Start of Information

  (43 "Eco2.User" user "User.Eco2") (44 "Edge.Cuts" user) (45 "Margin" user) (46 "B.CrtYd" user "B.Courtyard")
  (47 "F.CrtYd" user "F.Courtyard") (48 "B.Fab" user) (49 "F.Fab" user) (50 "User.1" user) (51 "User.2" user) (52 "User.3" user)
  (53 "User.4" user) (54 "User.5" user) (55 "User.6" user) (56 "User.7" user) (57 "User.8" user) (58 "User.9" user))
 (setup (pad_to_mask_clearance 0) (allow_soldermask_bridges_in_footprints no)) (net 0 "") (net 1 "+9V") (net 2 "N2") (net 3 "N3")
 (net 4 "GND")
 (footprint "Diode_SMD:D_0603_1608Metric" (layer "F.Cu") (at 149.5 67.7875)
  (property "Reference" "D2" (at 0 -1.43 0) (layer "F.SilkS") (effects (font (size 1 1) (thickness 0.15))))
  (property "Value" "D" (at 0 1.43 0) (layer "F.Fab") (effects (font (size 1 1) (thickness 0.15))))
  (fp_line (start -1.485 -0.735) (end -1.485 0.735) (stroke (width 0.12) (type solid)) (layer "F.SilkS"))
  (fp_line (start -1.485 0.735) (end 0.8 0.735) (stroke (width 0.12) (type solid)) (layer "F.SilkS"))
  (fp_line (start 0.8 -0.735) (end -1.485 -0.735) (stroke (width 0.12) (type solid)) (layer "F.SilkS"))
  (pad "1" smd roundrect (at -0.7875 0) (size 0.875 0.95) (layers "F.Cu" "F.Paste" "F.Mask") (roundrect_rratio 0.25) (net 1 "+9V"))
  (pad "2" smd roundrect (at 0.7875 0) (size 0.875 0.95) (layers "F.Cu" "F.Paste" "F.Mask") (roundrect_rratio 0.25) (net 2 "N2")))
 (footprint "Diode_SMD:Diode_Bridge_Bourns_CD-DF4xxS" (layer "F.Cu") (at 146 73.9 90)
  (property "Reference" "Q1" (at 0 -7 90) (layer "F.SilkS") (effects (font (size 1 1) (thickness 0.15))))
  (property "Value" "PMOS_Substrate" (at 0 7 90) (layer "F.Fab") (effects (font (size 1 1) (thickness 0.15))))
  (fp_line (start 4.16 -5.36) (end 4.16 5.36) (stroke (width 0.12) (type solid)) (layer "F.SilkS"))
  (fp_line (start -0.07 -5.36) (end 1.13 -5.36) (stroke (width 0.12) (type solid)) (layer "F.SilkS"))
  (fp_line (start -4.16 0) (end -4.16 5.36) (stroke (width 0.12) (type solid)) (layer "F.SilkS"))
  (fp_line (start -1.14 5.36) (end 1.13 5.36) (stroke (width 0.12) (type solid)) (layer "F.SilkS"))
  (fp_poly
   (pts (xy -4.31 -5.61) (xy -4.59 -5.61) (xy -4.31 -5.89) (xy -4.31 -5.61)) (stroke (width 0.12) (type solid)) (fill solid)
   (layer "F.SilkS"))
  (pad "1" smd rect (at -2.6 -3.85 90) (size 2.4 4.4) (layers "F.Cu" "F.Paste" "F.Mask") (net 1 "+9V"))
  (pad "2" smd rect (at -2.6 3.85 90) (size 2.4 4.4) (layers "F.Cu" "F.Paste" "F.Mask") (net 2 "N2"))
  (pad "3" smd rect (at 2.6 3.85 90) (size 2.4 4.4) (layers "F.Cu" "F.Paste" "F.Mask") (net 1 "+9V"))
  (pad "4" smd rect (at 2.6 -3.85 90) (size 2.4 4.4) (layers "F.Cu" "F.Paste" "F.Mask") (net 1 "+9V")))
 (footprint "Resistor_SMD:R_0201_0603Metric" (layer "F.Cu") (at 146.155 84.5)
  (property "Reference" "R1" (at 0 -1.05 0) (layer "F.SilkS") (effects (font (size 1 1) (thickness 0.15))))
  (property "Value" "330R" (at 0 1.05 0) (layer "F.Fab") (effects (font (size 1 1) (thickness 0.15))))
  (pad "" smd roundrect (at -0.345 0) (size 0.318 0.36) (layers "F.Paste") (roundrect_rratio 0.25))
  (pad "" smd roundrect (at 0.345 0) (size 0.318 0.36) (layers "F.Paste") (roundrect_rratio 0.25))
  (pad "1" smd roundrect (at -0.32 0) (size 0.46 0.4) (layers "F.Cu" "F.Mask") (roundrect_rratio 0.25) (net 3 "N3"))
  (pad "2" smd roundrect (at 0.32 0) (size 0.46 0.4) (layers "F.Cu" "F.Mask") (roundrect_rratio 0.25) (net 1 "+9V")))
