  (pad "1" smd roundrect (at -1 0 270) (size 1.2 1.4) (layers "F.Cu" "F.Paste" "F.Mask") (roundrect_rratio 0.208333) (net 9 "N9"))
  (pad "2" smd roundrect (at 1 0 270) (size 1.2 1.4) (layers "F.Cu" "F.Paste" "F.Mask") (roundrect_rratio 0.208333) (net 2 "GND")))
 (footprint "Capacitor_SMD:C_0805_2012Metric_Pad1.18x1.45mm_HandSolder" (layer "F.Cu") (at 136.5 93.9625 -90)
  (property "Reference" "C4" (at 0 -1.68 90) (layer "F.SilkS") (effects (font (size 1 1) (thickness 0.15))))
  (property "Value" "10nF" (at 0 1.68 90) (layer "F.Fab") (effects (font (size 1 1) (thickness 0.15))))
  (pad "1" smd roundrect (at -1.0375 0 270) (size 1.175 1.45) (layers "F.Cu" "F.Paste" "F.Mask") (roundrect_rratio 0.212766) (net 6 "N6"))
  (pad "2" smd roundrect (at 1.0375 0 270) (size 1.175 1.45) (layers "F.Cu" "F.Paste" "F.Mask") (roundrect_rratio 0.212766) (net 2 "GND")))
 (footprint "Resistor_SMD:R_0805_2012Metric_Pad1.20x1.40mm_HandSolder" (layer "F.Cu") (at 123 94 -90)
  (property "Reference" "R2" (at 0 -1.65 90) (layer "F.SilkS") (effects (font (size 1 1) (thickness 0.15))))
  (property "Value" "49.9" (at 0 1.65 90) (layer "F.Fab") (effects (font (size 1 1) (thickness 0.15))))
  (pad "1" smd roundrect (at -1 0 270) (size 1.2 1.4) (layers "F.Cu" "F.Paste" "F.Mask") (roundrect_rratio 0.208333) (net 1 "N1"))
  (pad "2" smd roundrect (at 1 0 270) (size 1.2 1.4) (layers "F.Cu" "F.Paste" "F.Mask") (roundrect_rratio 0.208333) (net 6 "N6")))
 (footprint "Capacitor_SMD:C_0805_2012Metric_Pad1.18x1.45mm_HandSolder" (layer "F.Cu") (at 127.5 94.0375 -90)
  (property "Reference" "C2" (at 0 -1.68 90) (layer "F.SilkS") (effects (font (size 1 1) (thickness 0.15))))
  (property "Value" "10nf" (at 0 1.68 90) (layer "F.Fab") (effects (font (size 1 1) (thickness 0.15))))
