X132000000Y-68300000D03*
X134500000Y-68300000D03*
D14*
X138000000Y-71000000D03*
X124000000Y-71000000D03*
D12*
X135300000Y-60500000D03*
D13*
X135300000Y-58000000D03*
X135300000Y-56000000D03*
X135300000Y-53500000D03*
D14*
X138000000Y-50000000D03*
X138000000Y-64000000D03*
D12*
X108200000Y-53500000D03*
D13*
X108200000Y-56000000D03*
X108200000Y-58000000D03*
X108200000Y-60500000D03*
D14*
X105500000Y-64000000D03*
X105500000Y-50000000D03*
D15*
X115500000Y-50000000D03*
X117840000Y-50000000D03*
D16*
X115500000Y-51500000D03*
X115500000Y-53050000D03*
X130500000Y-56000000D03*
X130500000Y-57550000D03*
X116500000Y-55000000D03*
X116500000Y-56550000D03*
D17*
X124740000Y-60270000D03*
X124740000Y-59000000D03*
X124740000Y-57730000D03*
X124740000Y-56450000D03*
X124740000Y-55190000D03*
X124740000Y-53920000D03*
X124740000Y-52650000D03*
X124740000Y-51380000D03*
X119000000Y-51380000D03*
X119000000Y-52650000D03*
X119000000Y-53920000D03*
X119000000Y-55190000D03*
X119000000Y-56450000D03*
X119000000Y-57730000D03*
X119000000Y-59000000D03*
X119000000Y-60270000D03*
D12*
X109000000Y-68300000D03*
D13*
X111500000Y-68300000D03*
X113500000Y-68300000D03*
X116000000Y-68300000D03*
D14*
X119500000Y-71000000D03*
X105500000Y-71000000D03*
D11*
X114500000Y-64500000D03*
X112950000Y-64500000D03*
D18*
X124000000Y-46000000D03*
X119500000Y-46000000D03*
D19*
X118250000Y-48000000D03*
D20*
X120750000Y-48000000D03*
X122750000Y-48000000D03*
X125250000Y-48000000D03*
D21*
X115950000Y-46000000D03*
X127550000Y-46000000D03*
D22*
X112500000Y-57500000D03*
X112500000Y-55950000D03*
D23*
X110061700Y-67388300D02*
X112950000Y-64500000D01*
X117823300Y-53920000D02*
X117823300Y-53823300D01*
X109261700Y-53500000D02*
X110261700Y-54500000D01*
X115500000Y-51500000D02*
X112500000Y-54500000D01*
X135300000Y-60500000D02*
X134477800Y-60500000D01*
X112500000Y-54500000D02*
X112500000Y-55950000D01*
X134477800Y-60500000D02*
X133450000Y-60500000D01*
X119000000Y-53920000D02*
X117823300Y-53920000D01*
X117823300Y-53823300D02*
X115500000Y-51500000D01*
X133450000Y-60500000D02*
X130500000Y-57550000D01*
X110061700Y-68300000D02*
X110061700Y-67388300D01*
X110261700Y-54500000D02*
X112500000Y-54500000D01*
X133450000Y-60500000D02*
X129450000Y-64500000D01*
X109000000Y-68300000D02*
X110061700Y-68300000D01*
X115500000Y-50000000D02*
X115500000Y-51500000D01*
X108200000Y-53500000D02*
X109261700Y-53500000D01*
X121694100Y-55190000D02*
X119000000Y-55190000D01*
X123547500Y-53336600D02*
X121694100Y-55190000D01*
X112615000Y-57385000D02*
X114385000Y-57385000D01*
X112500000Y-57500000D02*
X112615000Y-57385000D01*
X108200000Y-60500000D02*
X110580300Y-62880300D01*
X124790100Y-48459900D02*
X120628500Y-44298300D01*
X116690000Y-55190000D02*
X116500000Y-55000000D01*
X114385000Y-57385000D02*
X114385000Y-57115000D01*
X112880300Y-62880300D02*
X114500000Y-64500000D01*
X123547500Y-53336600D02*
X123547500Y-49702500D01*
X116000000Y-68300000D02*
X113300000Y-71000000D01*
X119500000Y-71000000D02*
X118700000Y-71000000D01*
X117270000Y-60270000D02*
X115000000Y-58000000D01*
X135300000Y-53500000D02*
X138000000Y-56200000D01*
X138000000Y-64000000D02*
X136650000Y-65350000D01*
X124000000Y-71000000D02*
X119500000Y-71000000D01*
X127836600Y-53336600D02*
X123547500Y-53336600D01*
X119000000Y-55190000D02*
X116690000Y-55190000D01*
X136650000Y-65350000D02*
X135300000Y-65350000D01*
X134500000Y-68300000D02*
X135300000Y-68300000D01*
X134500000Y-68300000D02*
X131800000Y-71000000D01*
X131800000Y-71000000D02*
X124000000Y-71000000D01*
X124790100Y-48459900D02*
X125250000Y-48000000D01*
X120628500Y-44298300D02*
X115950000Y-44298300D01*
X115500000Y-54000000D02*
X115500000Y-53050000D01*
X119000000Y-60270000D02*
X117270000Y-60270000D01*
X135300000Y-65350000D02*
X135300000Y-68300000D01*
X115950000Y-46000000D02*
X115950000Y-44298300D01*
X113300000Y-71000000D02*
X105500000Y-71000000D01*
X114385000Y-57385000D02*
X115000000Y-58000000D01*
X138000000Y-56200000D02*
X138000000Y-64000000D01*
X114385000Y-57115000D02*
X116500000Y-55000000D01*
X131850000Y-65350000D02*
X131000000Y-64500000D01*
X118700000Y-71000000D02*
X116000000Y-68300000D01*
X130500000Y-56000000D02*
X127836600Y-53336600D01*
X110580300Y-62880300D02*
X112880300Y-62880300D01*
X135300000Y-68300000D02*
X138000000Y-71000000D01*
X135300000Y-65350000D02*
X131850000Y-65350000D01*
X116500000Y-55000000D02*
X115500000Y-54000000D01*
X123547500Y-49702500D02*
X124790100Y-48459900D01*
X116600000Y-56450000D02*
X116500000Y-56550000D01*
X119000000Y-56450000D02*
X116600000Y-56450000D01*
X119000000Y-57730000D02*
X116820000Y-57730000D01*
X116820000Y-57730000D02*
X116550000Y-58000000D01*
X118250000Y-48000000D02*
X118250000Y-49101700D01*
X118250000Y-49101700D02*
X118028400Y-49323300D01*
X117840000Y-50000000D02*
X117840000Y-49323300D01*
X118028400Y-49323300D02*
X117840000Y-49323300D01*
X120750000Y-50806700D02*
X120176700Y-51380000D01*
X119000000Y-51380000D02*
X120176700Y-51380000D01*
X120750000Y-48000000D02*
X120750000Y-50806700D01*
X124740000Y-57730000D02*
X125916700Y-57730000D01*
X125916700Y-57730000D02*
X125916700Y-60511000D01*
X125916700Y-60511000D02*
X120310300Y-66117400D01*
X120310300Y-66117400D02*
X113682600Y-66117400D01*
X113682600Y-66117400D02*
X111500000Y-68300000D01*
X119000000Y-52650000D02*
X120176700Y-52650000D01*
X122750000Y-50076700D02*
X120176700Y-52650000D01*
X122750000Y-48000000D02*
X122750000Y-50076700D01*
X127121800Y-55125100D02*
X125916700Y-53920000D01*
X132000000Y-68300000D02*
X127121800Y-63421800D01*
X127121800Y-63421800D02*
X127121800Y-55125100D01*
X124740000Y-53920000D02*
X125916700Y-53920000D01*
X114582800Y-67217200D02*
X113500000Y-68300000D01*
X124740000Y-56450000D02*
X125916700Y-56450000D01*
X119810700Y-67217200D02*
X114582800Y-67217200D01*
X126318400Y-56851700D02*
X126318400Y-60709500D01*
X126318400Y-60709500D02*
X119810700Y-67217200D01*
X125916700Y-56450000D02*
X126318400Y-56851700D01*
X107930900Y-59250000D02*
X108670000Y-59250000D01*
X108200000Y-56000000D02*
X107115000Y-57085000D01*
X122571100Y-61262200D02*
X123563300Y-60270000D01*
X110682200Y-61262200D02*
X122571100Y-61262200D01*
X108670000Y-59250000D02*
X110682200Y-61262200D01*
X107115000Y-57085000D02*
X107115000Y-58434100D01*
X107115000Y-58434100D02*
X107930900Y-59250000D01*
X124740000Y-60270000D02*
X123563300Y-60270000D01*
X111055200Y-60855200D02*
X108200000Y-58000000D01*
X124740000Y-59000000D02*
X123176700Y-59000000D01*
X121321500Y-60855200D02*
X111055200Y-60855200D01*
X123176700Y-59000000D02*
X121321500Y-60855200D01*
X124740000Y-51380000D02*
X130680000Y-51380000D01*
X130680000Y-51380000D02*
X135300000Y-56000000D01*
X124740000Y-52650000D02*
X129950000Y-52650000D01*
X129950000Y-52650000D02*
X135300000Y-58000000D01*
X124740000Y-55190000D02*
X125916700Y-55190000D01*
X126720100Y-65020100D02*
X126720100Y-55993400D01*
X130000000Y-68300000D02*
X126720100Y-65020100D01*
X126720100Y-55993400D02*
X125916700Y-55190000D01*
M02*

End of Information

◆ **Required work**
Look back at the data above. Transcribe exactly the lines starting at the line that contains "X124000000Y-71000000D02*" and ending at the line that contains "X110580300Y-62880300D02*".

◆ **Answer space**
X124000000Y-71000000D02*
X119500000Y-71000000D01*
X127836600Y-53336600D02*
X123547500Y-53336600D01*
X119000000Y-55190000D02*
X116690000Y-55190000D01*
X136650000Y-65350000D02*
X135300000Y-65350000D01*
X134500000Y-68300000D02*
X135300000Y-68300000D01*
X134500000Y-68300000D02*
X131800000Y-71000000D01*
X131800000Y-71000000D02*
X124000000Y-71000000D01*
X124790100Y-48459900D02*
X125250000Y-48000000D01*
X120628500Y-44298300D02*
X115950000Y-44298300D01*
X115500000Y-54000000D02*
X115500000Y-53050000D01*
X119000000Y-60270000D02*
X117270000Y-60270000D01*
X135300000Y-65350000D02*
X135300000Y-68300000D01*
X115950000Y-46000000D02*
X115950000Y-44298300D01*
X113300000Y-71000000D02*
X105500000Y-71000000D01*
X114385000Y-57385000D02*
X115000000Y-58000000D01*
X138000000Y-56200000D02*
X138000000Y-64000000D01*
X114385000Y-57115000D02*
X116500000Y-55000000D01*
X131850000Y-65350000D02*
X131000000Y-64500000D01*
X118700000Y-71000000D02*
X116000000Y-68300000D01*
X130500000Y-56000000D02*
X127836600Y-53336600D01*
X110580300Y-62880300D02*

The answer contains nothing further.